**WHAT THIS TASK INVOLVES:** Repeat the stretch of entries below from the line with "(setup (pad_to_mask_clearance 0)" through the line with "(at -2.775 -7.635". Include both ends and add nothing.

(Beginning of DATA SHOWN)

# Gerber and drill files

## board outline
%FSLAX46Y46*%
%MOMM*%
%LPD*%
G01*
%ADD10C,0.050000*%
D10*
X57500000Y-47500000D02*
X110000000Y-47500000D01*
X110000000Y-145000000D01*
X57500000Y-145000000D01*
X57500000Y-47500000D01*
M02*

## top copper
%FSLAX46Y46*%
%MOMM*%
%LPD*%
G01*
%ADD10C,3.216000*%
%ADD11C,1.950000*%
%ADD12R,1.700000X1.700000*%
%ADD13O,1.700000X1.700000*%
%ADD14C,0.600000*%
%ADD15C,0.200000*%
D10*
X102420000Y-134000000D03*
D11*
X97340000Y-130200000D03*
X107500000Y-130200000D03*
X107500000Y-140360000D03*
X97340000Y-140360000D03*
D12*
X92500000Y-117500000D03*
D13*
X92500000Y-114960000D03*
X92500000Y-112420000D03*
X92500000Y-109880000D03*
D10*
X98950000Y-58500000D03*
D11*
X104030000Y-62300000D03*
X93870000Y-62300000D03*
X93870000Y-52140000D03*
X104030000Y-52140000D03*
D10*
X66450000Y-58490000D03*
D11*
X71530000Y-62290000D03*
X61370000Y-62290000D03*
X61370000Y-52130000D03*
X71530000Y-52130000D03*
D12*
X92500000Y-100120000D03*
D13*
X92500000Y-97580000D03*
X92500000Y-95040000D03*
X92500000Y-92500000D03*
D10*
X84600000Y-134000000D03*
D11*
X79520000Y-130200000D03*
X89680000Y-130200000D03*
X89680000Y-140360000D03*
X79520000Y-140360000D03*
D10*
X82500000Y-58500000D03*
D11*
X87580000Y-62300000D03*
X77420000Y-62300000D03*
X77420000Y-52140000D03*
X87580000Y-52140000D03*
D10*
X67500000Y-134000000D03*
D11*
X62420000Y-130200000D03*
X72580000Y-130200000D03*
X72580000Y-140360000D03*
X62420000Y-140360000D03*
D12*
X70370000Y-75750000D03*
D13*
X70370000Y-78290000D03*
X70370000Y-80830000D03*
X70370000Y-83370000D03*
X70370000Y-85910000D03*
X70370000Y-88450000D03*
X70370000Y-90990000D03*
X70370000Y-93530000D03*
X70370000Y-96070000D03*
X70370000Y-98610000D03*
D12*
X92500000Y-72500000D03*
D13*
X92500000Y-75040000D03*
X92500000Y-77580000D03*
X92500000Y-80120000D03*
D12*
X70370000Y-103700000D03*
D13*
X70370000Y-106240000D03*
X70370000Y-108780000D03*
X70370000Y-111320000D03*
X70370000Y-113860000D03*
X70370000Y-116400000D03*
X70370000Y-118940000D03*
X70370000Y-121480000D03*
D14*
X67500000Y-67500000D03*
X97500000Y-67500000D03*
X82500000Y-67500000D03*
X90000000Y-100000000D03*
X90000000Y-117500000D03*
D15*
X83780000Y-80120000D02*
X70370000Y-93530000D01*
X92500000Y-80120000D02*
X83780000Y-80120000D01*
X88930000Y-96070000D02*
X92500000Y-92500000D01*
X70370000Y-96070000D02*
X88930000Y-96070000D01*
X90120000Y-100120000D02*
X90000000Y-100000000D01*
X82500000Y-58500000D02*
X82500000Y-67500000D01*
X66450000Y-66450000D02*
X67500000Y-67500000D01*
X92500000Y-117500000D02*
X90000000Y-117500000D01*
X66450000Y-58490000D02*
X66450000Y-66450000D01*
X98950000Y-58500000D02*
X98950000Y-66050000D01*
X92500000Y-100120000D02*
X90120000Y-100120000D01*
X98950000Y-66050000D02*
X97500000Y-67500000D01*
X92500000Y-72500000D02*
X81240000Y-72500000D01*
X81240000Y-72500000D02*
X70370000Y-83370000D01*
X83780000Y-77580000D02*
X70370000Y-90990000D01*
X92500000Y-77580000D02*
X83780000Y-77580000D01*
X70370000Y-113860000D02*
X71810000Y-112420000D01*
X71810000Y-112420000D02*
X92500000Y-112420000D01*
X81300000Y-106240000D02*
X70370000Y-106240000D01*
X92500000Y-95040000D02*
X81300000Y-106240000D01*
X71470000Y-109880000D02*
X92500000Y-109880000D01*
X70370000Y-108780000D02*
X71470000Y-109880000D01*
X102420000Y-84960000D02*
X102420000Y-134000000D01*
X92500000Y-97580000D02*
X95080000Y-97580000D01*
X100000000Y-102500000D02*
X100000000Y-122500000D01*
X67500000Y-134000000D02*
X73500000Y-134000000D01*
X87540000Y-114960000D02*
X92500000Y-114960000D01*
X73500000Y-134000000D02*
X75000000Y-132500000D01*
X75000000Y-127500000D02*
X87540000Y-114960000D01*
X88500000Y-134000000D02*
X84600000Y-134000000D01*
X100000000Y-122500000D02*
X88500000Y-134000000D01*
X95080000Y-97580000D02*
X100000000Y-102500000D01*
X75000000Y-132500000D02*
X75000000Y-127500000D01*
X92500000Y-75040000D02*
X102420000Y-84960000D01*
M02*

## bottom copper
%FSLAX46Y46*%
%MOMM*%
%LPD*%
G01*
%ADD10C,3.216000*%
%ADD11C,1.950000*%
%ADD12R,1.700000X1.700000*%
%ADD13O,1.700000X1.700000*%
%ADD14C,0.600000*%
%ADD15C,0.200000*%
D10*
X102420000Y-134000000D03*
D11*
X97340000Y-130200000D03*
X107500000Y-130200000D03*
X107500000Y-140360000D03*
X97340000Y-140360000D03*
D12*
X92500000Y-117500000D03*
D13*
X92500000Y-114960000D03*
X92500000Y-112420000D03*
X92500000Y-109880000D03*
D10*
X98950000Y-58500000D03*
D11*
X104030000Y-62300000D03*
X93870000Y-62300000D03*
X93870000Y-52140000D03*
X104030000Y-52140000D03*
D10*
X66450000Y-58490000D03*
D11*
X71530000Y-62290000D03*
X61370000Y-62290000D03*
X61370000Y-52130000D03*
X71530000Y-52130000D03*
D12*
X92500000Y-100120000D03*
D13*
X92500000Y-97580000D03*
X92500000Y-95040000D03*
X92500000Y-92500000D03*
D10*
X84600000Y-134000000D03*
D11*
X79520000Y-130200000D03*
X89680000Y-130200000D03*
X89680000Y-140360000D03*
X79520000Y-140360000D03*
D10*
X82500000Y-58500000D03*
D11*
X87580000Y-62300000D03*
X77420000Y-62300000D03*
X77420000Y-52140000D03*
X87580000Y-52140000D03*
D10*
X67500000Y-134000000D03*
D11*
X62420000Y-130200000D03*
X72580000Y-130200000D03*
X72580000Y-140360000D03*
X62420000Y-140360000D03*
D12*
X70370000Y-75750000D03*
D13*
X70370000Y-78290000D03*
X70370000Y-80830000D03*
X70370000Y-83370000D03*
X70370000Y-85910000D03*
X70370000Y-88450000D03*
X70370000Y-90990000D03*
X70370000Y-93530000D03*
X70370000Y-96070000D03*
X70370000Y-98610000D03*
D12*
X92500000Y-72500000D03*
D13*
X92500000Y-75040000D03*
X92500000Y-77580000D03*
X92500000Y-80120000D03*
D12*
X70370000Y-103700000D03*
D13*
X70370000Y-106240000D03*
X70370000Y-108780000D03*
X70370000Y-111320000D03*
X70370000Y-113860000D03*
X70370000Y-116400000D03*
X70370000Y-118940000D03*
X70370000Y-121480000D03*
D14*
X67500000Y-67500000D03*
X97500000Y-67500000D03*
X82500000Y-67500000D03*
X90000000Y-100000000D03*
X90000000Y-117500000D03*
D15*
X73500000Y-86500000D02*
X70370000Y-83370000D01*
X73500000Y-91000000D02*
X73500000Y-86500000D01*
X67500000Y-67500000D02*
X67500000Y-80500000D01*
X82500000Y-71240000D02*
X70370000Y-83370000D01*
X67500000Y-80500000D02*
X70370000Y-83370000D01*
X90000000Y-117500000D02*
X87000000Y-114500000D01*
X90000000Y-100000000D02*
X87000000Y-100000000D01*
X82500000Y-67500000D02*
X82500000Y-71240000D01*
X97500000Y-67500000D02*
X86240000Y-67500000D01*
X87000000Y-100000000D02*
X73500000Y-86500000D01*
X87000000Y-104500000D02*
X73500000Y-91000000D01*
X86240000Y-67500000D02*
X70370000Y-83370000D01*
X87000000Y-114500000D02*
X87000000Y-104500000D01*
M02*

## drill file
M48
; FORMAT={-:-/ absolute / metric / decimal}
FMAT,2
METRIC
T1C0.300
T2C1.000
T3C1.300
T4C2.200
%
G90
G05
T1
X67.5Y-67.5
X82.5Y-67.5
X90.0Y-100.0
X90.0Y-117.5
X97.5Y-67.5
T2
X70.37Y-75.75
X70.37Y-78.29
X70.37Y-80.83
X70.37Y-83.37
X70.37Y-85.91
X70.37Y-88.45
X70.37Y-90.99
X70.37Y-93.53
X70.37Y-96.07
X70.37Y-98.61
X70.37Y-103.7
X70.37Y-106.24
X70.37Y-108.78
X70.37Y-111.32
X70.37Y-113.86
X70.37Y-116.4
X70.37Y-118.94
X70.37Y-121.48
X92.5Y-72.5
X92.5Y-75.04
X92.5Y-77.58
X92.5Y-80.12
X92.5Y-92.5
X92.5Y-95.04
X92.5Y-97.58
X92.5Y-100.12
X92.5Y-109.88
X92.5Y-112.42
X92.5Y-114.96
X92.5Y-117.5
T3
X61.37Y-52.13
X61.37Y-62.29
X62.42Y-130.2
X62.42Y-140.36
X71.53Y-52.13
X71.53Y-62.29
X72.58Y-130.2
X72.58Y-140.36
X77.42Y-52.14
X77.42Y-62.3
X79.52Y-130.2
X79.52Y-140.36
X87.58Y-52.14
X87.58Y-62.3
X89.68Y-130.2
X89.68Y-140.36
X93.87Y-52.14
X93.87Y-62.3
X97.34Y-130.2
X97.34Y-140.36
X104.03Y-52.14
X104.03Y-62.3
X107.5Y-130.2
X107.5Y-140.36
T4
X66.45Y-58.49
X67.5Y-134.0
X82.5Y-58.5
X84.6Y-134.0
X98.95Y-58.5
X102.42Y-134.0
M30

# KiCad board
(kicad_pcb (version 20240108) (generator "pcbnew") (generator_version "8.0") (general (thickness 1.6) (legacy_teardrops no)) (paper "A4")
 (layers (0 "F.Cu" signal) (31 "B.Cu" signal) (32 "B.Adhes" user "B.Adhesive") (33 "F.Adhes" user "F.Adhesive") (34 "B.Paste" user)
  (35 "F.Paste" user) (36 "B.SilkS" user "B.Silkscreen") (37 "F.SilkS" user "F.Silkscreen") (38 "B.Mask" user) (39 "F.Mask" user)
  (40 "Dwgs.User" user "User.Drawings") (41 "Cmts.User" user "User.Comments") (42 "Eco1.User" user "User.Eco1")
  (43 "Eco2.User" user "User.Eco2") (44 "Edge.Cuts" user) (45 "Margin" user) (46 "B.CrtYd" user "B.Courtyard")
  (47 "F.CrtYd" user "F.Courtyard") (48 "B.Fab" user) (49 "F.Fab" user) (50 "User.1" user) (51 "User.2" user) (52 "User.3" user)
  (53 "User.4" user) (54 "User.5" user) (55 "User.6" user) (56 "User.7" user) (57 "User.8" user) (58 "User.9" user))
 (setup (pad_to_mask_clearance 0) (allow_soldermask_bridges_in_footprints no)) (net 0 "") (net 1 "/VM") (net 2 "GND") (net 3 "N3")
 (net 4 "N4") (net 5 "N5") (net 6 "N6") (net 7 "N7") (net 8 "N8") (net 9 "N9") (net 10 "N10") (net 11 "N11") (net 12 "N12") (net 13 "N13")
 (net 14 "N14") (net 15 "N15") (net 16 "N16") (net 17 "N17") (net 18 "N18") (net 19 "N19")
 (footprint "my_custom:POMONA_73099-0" (layer "F.Cu") (at 102.42 134 -90)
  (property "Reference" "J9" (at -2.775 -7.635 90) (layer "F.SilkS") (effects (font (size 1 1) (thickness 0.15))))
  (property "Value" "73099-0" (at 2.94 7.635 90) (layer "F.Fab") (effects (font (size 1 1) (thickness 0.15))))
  (pad "1" thru_hole circle (at 0 0 270) (size 3.216 3.216) (drill 2.2) (layers "*.Cu" "*.Mask") (remove_unused_layers no) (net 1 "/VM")
   (solder_mask_margin 0.102))
  (pad "S1" thru_hole circle (at -3.8 5.08 270) (size 1.95 1.95) (drill 1.3) (layers "*.Cu" "*.Mask") (remove_unused_layers no)
   (solder_mask_margin 0.102))
  (pad "S2" thru_hole circle (at -3.8 -5.08 270) (size 1.95 1.95) (drill 1.3) (layers "*.Cu" "*.Mask") (remove_unused_layers no)
   (solder_mask_margin 0.102))
  (pad "S3" thru_hole circle (at 6.36 -5.08 270) (size 1.95 1.95) (drill 1.3) (layers "*.Cu" "*.Mask") (remove_unused_layers no)
   (solder_mask_margin 0.102))
  (pad "S4" thru_hole circle (at 6.36 5.08 270) (size 1.95 1.95) (drill 1.3) (layers "*.Cu" "*.Mask") (remove_unused_layers no)
   (solder_mask_margin 0.102)))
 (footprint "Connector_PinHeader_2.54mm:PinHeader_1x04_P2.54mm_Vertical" (layer "F.Cu") (at 92.5 117.5 180)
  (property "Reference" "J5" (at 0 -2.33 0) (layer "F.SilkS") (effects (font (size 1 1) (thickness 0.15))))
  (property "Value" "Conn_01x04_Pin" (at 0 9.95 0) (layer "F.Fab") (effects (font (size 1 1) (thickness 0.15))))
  (pad "1" thru_hole rect (at 0 0 180) (size 1.7 1.7) (drill 1) (layers "*.Cu" "*.Mask") (remove_unused_layers no) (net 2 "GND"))
  (pad "2" thru_hole oval (at 0 2.54 180) (size 1.7 1.7) (drill 1) (layers "*.Cu" "*.Mask") (remove_unused_layers no) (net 1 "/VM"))
  (pad "3" thru_hole oval (at 0 5.08 180) (size 1.7 1.7) (drill 1) (layers "*.Cu" "*.Mask") (remove_unused_layers no) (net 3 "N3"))
  (pad "4" thru_hole oval (at 0 7.62 180) (size 1.7 1.7) (drill 1) (layers "*.Cu" "*.Mask") (remove_unused_layers no) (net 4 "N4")))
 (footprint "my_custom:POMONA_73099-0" (layer "F.Cu") (at 98.95 58.5 90)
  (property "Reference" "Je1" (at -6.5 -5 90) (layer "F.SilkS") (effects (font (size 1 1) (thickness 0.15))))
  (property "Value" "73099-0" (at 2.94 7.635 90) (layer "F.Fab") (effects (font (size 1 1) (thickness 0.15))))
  (pad "1" thru_hole circle (at 0 0 90) (size 3.216 3.216) (drill 2.2) (layers "*.Cu" "*.Mask") (remove_unused_layers no) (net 2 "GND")
   (solder_mask_margin 0.102))
  (pad "S1" thru_hole circle (at -3.8 5.08 90) (size 1.95 1.95) (drill 1.3) (layers "*.Cu" "*.Mask") (remove_unused_layers no)
   (solder_mask_margin 0.102))
  (pad "S2" thru_hole circle (at -3.8 -5.08 90) (size 1.95 1.95) (drill 1.3) (layers "*.Cu" "*.Mask") (remove_unused_layers no)
   (solder_mask_margin 0.102))
  (pad "S3" thru_hole circle (at 6.36 -5.08 90) (size 1.95 1.95) (drill 1.3) (layers "*.Cu" "*.Mask") (remove_unused_layers no)
   (solder_mask_margin 0.102))
  (pad "S4" thru_hole circle (at 6.36 5.08 90) (size 1.95 1.95) (drill 1.3) (layers "*.Cu" "*.Mask") (remove_unused_layers no)
   (solder_mask_margin 0.102)))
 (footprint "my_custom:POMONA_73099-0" (layer "F.Cu") (at 66.45 58.49 90)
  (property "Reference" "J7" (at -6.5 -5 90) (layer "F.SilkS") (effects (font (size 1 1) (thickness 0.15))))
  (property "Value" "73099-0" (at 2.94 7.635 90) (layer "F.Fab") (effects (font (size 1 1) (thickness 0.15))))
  (pad "1" thru_hole circle (at 0 0 90) (size 3.216 3.216) (drill 2.2) (layers "*.Cu" "*.Mask") (remove_unused_layers no) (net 2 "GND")
   (solder_mask_margin 0.102))
  (pad "S1" thru_hole circle (at -3.8 5.08 90) (size 1.95 1.95) (drill 1.3) (layers "*.Cu" "*.Mask") (remove_unused_layers no)
   (solder_mask_margin 0.102))
  (pad "S2" thru_hole circle (at -3.8 -5.08 90) (size 1.95 1.95) (drill 1.3) (layers "*.Cu" "*.Mask") (remove_unused_layers no)
   (solder_mask_margin 0.102))
  (pad "S3" thru_hole circle (at 6.36 -5.08 90) (size 1.95 1.95) (drill 1.3) (layers "*.Cu" "*.Mask") (remove_unused_layers no)
   (solder_mask_margin 0.102))
  (pad "S4" thru_hole circle (at 6.36 5.08 90) (size 1.95 1.95) (drill 1.3) (layers "*.Cu" "*.Mask") (remove_unused_layers no)
   (solder_mask_margin 0.102)))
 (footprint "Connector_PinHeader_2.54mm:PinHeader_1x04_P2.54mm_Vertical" (layer "F.Cu") (at 92.5 100.12 180)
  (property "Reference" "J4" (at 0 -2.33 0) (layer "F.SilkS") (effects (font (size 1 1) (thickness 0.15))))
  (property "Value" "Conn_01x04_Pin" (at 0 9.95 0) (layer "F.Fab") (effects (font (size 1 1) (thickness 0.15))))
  (pad "1" thru_hole rect (at 0 0 180) (size 1.7 1.7) (drill 1) (layers "*.Cu" "*.Mask") (remove_unused_layers no) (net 2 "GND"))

(End of DATA SHOWN)

**RESPONSE BELOW:**
 (setup (pad_to_mask_clearance 0) (allow_soldermask_bridges_in_footprints no)) (net 0 "") (net 1 "/VM") (net 2 "GND") (net 3 "N3")
 (net 4 "N4") (net 5 "N5") (net 6 "N6") (net 7 "N7") (net 8 "N8") (net 9 "N9") (net 10 "N10") (net 11 "N11") (net 12 "N12") (net 13 "N13")
 (net 14 "N14") (net 15 "N15") (net 16 "N16") (net 17 "N17") (net 18 "N18") (net 19 "N19")
 (footprint "my_custom:POMONA_73099-0" (layer "F.Cu") (at 102.42 134 -90)
  (property "Reference" "J9" (at -2.775 -7.635 90) (layer "F.SilkS") (effects (font (size 1 1) (thickness 0.15))))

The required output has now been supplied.